I've heard good reviews about chard56, but never bought from him.


----------



## lohachata

for me ; the fish that i have seen from chard are not so great...and certainly not of any kind of champion stock..ok fish but not much to my tastes...same goes for a lot of other us breeders...trust my...nobody is going to sell champion grade stock for 5 or 10 bucks..
nothing against chard himself...just the fish.....but then again...many people = many tastes..does not make anyone right or wrong...


----------



## Betta man

He doesn't breed extremely high quality fish, but there was nothing in the post saying anything about quality. His fish are way better than petco's IMO.


----------



## daynadsmall

Sorry, I should have been more specific. I'd like to find a good quality breeding pair.


----------



## lohachata

you can check on aquabid or maybe even the IBC site... http://www.ibcbettas.org/

if you have any questions you may ask the sellers..i will try to help where i can...
bettas are not normally sold as breeding pairs...but you can ask a seller if they have a similar female available.


----------



## Fishy friend2

Betta man said:


> He doesn't breed extremely high quality fish, but there was nothing in the post saying anything about quality. His fish are way better than petco's IMO.


Lol. I guess I must have good petco's then I rarely ever visit Petco's and petsmart but the fish at the only 10 stores I've been at look better than his fish IMO. Even the one 300 miles away had better fish 

Anyways. I will have some juvies ready for sale in about 4-5 weeks for 15 dollars each.. Salamander HMPK big ear's. A pair would be 30 dollars + 10 dollar priority shipping. Or you can wait like 2.5 months for my show fish to be ready


----------



## Betta man

Petco's aren't good. I've seen salamanders dumbos at petco that only had one ear and terrible fin ray curl. I think this is safe to say, but I don't think chard breeds fish with fin ray curl and you know that the fish have decent genes unlike with petco where all you know is what the fish looks like.


----------



## Fishy friend2

I feel the same way about chard as I do with Petco, messy fins and bad genes. His fish are bred from pet store lines


----------



## Betta man

He cares for his fish better than petco. Also, I believe that he has had fish win IBC shows.


----------



## Fishy friend2

Betta man said:


> He cares for his fish better than petco. Also, I believe that he has had fish win IBC shows.

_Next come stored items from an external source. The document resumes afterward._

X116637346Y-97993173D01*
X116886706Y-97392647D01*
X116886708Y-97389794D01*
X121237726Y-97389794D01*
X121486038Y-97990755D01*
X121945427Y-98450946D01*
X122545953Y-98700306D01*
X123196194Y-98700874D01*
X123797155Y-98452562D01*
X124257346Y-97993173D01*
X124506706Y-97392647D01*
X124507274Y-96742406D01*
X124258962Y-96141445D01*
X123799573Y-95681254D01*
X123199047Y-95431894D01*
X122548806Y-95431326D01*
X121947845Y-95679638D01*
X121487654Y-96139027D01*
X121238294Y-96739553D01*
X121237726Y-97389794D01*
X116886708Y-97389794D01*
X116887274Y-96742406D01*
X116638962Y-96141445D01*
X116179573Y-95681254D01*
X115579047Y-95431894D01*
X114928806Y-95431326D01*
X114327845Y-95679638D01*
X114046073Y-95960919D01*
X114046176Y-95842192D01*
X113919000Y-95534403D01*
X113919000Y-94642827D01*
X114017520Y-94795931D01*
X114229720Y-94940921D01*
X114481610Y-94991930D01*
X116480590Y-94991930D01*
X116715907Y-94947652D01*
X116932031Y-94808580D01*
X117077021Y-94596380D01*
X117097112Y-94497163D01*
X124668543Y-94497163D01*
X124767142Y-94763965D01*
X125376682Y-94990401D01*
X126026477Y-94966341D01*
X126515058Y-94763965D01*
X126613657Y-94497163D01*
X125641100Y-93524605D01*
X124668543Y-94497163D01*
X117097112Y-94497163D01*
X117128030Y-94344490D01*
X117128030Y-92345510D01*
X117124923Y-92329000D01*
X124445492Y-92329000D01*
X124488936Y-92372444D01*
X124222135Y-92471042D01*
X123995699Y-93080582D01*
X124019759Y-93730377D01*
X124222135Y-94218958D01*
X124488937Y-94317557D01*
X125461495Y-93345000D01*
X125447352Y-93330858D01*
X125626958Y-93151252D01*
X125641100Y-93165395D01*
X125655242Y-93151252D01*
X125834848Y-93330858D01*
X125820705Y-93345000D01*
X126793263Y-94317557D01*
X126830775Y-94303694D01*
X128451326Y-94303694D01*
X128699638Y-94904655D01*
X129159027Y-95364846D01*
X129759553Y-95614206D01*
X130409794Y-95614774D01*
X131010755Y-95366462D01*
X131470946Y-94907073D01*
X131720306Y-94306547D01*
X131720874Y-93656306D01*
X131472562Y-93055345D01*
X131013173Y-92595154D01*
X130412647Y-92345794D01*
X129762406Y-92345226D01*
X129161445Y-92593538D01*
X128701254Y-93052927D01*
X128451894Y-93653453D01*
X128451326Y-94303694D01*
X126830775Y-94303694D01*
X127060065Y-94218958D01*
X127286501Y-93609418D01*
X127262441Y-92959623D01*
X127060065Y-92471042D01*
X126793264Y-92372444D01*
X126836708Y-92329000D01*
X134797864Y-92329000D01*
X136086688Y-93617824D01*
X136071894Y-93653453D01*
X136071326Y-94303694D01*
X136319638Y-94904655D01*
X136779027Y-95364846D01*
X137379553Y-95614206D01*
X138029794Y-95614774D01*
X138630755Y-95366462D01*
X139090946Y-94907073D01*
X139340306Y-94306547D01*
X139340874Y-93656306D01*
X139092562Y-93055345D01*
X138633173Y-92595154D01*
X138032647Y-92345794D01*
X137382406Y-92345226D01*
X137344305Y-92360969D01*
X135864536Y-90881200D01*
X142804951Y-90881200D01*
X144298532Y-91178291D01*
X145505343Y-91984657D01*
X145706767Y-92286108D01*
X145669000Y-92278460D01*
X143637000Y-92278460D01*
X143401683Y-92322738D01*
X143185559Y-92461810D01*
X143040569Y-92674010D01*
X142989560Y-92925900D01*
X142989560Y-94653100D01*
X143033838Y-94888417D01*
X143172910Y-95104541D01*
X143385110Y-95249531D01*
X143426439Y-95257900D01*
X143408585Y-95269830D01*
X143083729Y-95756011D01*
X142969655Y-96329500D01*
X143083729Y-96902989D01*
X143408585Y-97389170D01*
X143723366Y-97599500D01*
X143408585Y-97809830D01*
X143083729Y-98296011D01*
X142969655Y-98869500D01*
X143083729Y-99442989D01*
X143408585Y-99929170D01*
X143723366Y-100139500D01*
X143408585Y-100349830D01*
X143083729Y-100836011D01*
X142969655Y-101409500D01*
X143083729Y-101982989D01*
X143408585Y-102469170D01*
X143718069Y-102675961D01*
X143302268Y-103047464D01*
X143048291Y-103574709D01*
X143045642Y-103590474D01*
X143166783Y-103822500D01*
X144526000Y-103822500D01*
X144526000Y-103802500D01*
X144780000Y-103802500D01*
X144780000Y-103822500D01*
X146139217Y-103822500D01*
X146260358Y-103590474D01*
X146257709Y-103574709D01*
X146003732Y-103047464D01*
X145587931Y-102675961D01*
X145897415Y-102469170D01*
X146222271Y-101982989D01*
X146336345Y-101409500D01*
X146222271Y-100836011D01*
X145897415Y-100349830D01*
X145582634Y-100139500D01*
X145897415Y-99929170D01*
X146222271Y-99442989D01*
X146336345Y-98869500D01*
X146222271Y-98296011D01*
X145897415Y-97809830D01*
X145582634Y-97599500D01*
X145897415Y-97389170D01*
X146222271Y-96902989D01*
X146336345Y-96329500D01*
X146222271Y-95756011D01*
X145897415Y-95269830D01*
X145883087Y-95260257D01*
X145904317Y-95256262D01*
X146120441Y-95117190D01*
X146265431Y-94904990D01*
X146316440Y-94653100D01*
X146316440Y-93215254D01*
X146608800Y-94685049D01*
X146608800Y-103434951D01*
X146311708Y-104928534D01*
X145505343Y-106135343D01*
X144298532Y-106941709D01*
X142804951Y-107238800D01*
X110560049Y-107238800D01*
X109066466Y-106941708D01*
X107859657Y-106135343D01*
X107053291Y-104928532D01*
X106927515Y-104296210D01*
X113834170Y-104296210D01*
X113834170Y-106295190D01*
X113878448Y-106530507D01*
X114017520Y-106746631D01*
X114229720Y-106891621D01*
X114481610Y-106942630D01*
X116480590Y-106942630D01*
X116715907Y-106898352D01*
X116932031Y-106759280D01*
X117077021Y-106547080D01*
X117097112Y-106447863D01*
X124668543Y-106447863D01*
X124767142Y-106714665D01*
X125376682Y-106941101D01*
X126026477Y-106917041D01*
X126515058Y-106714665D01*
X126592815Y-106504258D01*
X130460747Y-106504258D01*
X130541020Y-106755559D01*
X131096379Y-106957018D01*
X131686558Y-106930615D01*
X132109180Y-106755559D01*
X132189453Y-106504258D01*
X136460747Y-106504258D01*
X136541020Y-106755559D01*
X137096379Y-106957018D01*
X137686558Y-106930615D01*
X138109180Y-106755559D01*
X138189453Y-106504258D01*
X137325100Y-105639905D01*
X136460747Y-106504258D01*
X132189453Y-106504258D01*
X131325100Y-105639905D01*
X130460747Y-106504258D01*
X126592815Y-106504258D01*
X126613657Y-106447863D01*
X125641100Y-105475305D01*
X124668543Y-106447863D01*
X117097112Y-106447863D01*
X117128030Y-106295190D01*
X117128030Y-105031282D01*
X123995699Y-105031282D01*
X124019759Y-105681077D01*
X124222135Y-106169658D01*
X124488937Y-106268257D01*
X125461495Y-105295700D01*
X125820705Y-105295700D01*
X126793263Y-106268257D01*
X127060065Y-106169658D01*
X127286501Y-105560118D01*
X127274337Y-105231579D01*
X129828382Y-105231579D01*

Lol. Funny. IBC fish are judged on form. Seeing the fish he entered he's lucky he won. They are nothing close to the standards. Just because you win doesn't mean your good. Look at the fish and see if they are close to the standards if they aren't like chards fish then they aren't quality and winning a category in a show is worth virtually nothing to people who know about standards


----------



## Fishy friend2

Looking at his awards they were all in new breeders. Not very impressive.


----------



## Betta man

But that still means that they are better than petco's.


----------



## Fishy friend2

No it doesn't. I've seen some quite nice fish from Petco way better than your average chard fish


----------



## Guest

Fishyfriend2: I bet that if you went up against chard in a betta contest, you would lose against him. You are no expert on bettas. Chard has been breeding for years and you just started. Quit dissing chard. Petco and Petsmart don't have good quality bettas but you can find them at the stores, they are hard to find.


----------



## lohachata

healthwise i think that people like chard do very well...his fish are quite important to him..he isn't cranking them out by the tens of thousands for pennies apiece...a small breeder depends so much on his reputation to have good healthy fish....so he puts more into their care than the big time breeders....
i may not care for the colors but cannot deny his quality of care....and ability to provide healthy fish...


----------



## Cory1990

I feel like my betta would be put into the "junk" section. Doesn't have the full fins. Beautiful color though  someday when I am aloud more then one fish I'll look fr a nice betta.

Also I know you don't want to go threw aquabid but there was some real nice ones on there last time I looked. 
If I can ask why don't you want to buy threw them?


----------



## Fishy friend2

Angelclown said:


> Fishyfriend2: I bet that if you went up against chard in a betta contest, you would lose against him. You are no expert on bettas. Chard has been breeding for years and you just started. Quit dissing chard. Petco and Petsmart don't have good quality bettas but you can find them at the stores, they are hard to find.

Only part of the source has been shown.